--- Exercise inputs ---
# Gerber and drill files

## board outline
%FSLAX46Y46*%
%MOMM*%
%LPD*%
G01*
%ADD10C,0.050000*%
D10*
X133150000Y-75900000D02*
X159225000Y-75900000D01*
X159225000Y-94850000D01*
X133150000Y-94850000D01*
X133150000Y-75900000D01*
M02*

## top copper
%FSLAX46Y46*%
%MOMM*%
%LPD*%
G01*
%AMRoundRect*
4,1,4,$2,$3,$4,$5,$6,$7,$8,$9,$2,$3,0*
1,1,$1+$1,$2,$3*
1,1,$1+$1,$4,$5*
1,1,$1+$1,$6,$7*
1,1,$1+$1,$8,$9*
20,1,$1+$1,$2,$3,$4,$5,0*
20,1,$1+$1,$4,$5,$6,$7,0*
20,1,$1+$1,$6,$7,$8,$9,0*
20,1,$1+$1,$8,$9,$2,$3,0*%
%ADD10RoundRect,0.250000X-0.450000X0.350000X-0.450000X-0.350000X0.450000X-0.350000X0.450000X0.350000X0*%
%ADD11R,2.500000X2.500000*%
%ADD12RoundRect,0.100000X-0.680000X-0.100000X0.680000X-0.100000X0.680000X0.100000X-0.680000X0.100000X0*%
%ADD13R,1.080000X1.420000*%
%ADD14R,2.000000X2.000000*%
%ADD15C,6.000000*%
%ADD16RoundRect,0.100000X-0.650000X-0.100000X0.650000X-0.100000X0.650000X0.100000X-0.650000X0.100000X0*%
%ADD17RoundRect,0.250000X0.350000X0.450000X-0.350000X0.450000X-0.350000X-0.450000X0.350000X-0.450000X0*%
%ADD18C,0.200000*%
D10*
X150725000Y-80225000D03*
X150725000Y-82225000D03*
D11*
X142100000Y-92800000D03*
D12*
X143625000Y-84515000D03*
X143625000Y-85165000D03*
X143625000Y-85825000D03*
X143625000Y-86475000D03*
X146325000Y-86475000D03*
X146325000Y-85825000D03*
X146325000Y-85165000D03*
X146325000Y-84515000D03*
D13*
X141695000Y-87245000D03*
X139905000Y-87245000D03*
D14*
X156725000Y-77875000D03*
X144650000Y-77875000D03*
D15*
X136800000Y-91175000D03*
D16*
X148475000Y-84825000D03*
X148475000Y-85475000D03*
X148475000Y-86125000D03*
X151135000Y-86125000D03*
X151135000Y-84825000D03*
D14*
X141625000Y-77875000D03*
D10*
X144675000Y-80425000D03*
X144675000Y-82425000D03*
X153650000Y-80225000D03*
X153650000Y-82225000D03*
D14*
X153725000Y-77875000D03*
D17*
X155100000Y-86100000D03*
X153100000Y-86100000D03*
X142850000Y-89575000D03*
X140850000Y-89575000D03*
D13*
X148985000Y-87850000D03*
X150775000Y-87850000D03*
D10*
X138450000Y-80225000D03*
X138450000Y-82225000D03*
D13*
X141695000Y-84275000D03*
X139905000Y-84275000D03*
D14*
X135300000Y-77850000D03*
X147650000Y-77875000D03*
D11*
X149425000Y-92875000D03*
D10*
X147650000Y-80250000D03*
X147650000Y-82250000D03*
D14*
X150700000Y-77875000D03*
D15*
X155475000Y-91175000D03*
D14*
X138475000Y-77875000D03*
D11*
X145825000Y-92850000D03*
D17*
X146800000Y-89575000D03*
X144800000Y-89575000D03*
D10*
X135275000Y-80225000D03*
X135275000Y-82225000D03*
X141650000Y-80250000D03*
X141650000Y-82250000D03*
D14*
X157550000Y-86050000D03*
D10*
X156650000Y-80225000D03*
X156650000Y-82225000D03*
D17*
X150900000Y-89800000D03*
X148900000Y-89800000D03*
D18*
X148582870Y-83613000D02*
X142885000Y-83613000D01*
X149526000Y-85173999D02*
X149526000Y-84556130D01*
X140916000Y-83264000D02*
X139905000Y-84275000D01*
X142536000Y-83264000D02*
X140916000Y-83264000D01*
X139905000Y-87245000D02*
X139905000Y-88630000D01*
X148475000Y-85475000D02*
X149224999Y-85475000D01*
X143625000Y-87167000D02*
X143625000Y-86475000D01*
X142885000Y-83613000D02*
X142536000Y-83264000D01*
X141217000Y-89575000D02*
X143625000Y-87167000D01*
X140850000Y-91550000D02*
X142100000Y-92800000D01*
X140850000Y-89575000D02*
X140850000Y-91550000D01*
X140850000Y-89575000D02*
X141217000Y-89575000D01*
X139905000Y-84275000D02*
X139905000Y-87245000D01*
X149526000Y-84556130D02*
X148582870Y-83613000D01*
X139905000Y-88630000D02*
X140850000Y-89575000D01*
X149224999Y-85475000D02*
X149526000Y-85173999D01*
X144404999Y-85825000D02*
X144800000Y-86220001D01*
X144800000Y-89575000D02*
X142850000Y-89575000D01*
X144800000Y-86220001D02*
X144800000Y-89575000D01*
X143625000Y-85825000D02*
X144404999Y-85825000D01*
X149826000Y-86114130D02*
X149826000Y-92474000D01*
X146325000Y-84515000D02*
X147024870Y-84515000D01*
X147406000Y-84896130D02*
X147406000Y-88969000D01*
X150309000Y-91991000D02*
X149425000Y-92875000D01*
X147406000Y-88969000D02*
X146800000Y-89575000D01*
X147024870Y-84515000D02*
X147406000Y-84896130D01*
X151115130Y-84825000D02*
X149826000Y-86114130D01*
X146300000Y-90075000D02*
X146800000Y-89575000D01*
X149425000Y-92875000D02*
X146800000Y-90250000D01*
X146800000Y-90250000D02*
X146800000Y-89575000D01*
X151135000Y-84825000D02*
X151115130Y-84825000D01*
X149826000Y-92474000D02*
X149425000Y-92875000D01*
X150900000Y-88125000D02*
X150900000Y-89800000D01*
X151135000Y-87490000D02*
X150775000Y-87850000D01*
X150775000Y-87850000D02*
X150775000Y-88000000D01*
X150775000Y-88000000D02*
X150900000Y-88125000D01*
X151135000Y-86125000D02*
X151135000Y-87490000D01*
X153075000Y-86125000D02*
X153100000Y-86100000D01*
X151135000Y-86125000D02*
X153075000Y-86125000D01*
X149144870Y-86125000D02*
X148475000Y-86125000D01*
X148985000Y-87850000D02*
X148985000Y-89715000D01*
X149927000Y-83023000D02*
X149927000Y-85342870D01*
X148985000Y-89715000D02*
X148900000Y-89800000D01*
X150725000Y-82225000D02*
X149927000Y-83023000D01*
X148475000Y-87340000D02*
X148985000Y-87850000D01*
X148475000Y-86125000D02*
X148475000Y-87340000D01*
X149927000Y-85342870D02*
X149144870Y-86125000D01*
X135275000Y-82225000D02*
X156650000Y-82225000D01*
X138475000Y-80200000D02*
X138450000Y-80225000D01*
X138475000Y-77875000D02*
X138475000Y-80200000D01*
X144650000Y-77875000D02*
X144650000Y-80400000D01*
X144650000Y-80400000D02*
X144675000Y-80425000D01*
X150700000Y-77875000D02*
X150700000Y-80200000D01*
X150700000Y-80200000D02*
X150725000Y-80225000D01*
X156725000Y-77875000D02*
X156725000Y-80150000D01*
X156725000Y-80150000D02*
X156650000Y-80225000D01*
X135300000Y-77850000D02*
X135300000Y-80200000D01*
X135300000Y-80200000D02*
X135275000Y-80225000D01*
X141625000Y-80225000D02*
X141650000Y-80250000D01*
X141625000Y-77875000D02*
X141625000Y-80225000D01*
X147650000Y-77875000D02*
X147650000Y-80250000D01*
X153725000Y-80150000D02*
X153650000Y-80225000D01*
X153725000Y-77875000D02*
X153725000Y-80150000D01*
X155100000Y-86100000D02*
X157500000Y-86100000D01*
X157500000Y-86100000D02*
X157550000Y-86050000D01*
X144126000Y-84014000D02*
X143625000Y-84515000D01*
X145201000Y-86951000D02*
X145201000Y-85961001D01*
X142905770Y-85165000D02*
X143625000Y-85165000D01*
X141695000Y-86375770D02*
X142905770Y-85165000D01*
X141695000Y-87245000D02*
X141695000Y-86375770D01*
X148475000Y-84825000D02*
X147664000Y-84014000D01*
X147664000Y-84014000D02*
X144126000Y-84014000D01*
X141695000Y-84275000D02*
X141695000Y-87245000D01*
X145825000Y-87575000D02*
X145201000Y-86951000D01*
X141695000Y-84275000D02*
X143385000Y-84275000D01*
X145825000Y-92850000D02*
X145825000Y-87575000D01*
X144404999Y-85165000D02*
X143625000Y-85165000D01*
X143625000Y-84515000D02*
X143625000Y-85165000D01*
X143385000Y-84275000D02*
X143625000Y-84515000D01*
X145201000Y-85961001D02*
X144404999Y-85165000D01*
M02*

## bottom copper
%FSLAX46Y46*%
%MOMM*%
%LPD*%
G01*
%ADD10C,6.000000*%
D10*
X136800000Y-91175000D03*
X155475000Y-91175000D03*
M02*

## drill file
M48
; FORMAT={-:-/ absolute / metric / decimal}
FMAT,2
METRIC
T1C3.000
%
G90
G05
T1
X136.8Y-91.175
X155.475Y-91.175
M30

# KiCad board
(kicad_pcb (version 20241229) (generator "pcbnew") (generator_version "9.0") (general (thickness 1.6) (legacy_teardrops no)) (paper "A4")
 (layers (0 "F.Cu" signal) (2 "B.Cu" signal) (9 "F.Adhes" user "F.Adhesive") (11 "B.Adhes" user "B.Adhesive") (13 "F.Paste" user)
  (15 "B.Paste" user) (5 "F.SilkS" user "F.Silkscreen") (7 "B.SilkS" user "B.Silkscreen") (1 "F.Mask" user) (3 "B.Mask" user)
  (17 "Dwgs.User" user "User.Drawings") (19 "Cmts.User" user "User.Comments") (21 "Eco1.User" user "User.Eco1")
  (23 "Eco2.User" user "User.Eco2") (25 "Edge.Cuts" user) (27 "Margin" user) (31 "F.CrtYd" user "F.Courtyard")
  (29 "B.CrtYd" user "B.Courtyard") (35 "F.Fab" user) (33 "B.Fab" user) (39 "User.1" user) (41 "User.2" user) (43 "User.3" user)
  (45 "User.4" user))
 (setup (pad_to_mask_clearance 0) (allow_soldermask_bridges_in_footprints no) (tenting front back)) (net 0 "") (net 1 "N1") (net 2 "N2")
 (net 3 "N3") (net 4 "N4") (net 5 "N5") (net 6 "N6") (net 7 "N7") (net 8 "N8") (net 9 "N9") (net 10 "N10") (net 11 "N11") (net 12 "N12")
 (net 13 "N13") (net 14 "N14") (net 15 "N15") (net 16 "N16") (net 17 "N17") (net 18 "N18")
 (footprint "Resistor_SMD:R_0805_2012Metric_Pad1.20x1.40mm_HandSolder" (layer "F.Cu") (at 150.725 81.225 -90)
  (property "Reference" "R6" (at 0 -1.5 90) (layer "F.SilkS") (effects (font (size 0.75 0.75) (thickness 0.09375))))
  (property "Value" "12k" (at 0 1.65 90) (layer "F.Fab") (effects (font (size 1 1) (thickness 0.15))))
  (pad "1" smd roundrect (at -1 0 270) (size 1.2 1.4) (layers "F.Cu" "F.Mask" "F.Paste") (roundrect_rratio 0.208333) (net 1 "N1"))
  (pad "2" smd roundrect (at 1 0 270) (size 1.2 1.4) (layers "F.Cu" "F.Mask" "F.Paste") (roundrect_rratio 0.208333) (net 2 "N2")))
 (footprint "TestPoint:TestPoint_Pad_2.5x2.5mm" (layer "F.Cu") (at 142.1 92.8)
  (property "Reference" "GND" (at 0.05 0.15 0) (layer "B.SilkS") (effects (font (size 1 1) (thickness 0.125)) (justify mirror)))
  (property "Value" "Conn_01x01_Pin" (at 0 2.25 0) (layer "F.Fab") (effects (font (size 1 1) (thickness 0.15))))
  (pad "1" smd rect (at 0 0) (size 2.5 2.5) (layers "F.Cu" "F.Mask") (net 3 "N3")))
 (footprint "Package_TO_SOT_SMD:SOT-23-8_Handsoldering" (layer "F.Cu") (at 144.975 85.495)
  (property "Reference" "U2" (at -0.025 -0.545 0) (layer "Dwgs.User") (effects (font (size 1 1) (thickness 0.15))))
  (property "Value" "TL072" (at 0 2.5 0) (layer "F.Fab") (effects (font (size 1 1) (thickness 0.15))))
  (pad "1" smd roundrect (at -1.35 -0.98) (size 1.56 0.4) (layers "F.Cu" "F.Mask" "F.Paste") (roundrect_rratio 0.25) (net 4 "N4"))
  (pad "2" smd roundrect (at -1.35 -0.33) (size 1.56 0.4) (layers "F.Cu" "F.Mask" "F.Paste") (roundrect_rratio 0.25) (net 4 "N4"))
  (pad "3" smd roundrect (at -1.35 0.33) (size 1.56 0.4) (layers "F.Cu" "F.Mask" "F.Paste") (roundrect_rratio 0.25) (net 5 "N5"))
  (pad "4" smd roundrect (at -1.35 0.98) (size 1.56 0.4) (layers "F.Cu" "F.Mask" "F.Paste") (roundrect_rratio 0.25) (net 3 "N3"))
  (pad "5" smd roundrect (at 1.35 0.98) (size 1.56 0.4) (layers "F.Cu" "F.Mask" "F.Paste") (roundrect_rratio 0.25) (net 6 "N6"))
  (pad "6" smd roundrect (at 1.35 0.33) (size 1.56 0.4) (layers "F.Cu" "F.Mask" "F.Paste") (roundrect_rratio 0.25) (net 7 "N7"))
---
• **What to work on**
Return a copy of each line in the records above that has "SilkS" in it.

• **Answer space**
  (15 "B.Paste" user) (5 "F.SilkS" user "F.Silkscreen") (7 "B.SilkS" user "B.Silkscreen") (1 "F.Mask" user) (3 "B.Mask" user)
  (property "Reference" "R6" (at 0 -1.5 90) (layer "F.SilkS") (effects (font (size 0.75 0.75) (thickness 0.09375))))
  (property "Reference" "GND" (at 0.05 0.15 0) (layer "B.SilkS") (effects (font (size 1 1) (thickness 0.125)) (justify mirror)))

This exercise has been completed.